In order to reduce vibration and noise in blasting, there has been proposed a blasting method which utilizes the interference of a blasting sound wave, in which method a precise explosion time control is required (the Japanese Patent Application Laid-Open (285800/1989).
A circuit for achieving the explosion time control having such precision, is an electronic delay detonator proposed in, for example, U.S. Pat. No. 4,445,435 granted to Atlas et al.
The electronic delay detonator includes an oscillating circuit using a crystal vibration element as a reference and a counter for counting output pulses from the oscillating circuit to digitally measure time, and is designed such that the counter is reset (initialized) based on a signal from a blasting unit.
FIG. 1 is a diagram showing a conventional electronic delay detonator, and FIG. 2 is a timing diagram of the operation of a conventional detonator.
The structure and operation of the conventional delay detonator will be described below with reference to FIG. 1 and 2.
In FIG. 1, a reference numeral 1 denotes a blasting unit. The blasting unit 1 is connected to input terminals 6-A and 6-B of an electronic delay detonator 16 via blasting unit busbars 2, auxiliary busbars 3, and lines 4. Reference numerals 5-1 to 5-6 are connection nodes therebetween.
A conventional electronic delay detonator 16 includes a signal detecting circuit 7, a rectifying circuit 8, an energy storing capacitor 9, an oscillating circuit 10, a counter 11, a discharge circuit 14, and an ignition heater 15.
To effect an explosion, the blasting unit 1 supplies to the electronic delay detonator 16 a signal as a reference for an explosion delay time; and also supplies the power, as energy, used to measure the explosion delay time, and to cause the explosion.
The power from the blasting unit 1 is supplied via the rectifying circuit 8 and stored in the energy storing capacitor 9, which constitutes an energy storing circuit.
An input voltage Vs shown in FIG. 2 is for the signal and the energy supply. The signal is transmitted as a change in the amplitude of the input voltage Vs; and it is detected by a detonator signal detecting circuit 7 of the electronic delay detonator 16.
When the input voltage Vs is applied to input terminals of the electronic delay detonator from the blasting unit 1, energy is stored in the energy storing capacitor 9, as shown as the voltage across terminals, of the energy storing capacitor in FIG. 2. After a period of time sufficient for the storage of energy in the energy storing capacitor 9, the application of input voltage is stopped at an arbitrary time. The change of the amplitude of the input voltage Vs is detected by the signal detecting circuit 7, which generates a reset signal R. The counter 11 is initialized in response to the reset signal R, and starts to count output pulses P from the oscillating circuit 10. After a delay time set in the counter 11, the counter 11 outputs a trigger signal. In response to the trigger signal, the discharge circuit 14 supplies the energy stored in the energy storing capacitor 9 to the ignition heater 15 for effecting the explosion.

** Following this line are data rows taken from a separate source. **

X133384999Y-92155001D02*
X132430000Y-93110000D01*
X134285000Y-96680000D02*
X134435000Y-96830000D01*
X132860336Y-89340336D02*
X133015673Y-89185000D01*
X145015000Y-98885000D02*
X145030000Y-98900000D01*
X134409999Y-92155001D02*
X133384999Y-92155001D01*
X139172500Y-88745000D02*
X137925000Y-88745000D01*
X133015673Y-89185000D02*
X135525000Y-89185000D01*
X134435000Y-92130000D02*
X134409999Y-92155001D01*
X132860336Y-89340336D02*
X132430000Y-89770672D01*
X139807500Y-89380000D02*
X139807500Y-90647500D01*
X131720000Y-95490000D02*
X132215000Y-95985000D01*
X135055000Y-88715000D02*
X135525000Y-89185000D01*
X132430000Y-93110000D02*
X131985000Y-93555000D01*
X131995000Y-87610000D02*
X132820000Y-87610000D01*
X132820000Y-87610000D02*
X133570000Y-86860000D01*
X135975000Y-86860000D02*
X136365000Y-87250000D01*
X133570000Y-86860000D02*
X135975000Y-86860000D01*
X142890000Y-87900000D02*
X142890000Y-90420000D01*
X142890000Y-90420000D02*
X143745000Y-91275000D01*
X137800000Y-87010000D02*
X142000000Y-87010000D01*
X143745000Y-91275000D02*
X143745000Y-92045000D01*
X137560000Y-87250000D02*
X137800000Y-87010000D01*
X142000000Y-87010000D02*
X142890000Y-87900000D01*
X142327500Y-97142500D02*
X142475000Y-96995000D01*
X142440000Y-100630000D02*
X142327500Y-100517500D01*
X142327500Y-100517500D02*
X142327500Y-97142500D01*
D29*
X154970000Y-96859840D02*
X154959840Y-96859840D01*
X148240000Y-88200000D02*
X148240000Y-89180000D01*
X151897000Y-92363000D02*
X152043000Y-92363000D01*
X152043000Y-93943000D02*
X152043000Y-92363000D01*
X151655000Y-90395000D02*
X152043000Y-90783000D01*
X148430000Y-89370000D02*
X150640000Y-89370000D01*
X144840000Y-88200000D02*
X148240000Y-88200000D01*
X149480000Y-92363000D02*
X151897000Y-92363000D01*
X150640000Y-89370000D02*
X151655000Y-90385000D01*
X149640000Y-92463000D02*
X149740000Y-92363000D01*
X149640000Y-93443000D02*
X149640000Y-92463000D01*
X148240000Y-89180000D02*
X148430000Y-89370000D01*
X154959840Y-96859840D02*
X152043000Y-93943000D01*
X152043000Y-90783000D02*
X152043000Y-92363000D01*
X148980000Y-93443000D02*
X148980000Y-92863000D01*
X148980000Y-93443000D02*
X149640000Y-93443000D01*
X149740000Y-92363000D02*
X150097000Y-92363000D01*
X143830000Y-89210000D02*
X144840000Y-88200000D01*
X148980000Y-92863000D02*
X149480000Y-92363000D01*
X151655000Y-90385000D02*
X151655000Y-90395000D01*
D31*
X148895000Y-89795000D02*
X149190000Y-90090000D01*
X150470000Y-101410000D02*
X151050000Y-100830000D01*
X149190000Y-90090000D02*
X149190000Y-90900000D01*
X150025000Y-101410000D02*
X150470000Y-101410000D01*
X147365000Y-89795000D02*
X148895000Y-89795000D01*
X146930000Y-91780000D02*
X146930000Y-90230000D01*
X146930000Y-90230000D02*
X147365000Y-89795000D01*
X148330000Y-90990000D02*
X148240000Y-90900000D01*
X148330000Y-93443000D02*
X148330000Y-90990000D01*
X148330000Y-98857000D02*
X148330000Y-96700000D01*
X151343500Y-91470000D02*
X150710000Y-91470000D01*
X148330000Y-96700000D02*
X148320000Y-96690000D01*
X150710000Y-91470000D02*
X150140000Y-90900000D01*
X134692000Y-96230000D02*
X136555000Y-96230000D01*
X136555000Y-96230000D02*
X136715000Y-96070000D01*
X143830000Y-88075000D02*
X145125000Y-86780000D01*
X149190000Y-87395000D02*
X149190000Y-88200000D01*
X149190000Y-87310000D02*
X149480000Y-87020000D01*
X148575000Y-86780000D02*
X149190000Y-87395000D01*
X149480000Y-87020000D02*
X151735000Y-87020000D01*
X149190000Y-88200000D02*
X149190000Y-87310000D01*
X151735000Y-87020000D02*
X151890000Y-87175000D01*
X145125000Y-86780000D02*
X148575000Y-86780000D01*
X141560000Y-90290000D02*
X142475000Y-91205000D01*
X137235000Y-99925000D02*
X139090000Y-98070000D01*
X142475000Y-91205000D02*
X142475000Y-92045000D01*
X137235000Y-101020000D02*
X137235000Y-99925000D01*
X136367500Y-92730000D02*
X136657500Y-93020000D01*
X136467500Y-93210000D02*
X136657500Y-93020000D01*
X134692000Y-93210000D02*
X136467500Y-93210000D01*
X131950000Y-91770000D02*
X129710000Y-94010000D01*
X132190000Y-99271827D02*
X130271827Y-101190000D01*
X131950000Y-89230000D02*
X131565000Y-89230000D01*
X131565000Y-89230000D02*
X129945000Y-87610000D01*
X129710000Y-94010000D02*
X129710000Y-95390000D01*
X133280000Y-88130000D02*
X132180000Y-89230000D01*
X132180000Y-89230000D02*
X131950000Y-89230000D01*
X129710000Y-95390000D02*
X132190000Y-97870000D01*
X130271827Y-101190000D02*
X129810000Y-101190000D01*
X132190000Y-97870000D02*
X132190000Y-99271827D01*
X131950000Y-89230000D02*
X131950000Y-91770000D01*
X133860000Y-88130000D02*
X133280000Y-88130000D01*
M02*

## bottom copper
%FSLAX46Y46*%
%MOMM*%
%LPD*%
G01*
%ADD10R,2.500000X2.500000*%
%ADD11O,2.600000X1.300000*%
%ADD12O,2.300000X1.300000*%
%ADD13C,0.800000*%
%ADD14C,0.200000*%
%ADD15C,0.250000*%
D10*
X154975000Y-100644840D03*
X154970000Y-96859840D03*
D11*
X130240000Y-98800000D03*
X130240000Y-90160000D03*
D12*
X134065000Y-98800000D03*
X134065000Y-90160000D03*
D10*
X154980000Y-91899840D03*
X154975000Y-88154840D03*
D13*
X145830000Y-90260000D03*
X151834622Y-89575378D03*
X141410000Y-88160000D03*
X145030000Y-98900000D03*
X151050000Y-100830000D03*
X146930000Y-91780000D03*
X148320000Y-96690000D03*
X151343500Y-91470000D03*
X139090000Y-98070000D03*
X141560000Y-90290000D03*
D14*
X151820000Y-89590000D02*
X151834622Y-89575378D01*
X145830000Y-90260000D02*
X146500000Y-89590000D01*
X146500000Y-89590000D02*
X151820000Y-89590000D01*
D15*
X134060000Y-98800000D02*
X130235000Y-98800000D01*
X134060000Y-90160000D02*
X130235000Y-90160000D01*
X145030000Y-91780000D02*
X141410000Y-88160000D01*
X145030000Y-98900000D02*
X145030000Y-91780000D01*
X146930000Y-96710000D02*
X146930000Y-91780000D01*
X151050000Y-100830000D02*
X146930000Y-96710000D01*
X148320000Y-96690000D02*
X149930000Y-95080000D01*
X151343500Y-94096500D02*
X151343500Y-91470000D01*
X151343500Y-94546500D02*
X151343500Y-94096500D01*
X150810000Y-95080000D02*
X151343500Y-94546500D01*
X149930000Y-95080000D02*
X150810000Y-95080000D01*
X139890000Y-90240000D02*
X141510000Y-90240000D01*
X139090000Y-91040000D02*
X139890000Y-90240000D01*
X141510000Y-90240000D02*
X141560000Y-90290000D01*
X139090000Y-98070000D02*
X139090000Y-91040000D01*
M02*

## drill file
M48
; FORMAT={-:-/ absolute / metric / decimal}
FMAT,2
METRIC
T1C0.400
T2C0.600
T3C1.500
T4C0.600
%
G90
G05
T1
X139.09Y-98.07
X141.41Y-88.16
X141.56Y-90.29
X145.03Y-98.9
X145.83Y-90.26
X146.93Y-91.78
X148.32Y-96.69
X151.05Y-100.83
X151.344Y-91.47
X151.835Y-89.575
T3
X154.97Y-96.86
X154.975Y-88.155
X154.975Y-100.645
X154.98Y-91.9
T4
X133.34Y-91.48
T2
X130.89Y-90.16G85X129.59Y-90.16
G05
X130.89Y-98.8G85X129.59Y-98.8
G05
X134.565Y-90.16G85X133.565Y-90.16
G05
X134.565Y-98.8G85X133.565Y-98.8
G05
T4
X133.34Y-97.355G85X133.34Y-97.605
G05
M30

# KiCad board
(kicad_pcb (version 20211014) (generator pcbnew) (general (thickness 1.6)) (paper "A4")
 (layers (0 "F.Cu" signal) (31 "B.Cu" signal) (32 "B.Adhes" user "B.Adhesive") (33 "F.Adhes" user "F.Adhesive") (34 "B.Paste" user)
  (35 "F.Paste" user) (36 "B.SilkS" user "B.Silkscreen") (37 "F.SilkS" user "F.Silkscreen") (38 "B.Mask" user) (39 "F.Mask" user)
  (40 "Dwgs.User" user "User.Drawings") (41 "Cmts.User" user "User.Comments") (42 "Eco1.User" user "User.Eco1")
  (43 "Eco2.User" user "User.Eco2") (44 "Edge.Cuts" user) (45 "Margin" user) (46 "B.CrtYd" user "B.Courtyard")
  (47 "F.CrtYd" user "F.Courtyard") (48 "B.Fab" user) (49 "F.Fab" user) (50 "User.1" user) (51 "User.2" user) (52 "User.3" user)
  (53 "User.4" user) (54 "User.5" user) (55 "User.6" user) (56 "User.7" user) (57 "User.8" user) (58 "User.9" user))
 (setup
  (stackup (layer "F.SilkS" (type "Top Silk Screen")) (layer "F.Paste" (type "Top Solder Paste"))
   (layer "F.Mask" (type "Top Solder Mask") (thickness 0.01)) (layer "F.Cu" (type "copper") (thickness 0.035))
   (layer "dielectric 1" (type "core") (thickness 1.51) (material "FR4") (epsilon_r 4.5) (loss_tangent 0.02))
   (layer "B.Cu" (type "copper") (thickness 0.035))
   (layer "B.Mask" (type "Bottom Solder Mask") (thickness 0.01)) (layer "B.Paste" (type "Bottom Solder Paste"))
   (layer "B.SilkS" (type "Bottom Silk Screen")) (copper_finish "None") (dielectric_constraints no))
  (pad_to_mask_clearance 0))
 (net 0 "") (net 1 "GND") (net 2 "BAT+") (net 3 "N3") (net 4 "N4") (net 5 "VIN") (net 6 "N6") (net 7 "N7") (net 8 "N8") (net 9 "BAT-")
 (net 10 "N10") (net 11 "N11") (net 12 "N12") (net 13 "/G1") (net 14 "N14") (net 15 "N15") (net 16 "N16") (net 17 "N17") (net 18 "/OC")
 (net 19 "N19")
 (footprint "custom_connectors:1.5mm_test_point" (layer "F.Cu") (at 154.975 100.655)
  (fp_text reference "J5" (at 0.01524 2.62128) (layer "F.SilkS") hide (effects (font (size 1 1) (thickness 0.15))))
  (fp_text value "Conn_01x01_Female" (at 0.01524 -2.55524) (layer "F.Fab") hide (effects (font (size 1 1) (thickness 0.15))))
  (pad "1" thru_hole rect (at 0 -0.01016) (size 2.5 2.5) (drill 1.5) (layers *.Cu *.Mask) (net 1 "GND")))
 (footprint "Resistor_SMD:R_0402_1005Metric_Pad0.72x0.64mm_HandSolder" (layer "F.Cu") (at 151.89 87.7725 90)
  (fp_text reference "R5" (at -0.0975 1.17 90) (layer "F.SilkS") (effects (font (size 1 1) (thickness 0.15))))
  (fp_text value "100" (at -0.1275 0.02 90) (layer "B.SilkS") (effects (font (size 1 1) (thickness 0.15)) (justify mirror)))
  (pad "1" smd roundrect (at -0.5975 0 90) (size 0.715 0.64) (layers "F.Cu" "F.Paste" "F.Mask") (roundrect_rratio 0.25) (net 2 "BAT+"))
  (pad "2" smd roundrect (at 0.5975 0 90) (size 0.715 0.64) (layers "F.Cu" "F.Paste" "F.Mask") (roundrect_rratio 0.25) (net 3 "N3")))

The oscillating circuit 10 and counter 11 continue to operate even if the input voltage Vs is no longer applied, because the power is supplied from the energy storing capacitor 9.
In the conventional electronic delay detonator, when waveform distortion occurs in the waveform of input voltage Vs caused by any external factors, there is the possibility that Wave form distortion is detected by the signal detecting circuit. 7 and the reset signal is erroneously generated. In this case, the electronic delay detonator to which the input voltage Vs having the distortion is input would cause an explosion at a time earlier than that determined by any based on the set delay time.
As one of the external factors a situation could occur where the connection nodes 5-1 to 5-6 to which lines are connected manually, have contact resistance.
For this reason, there has been proposed an electronic delay detonator in which energy is received only from a blasting unit to start the operation of the oscillating circuit, and a counter digitally counts output pulses from the oscillating circuit after a predetermined period of time.
Such an electronic delay detonator can operate with no relationship to the distortion of an input signal because only the energy is received and a reset signal for the counter is generated internally.
An example of electronic delay detonator having such a structure is disclosed in the U.S. Pat. No. 5,363,765.
In the electronic delay detonator disclosed in the U.S. Pat. No. (5,363,765), in order to shorten a period of time until stable oscillation is achieved without changing the oscillation frequency, over-excitating is utilized in the oscillating circuit. In this structure, large current is required.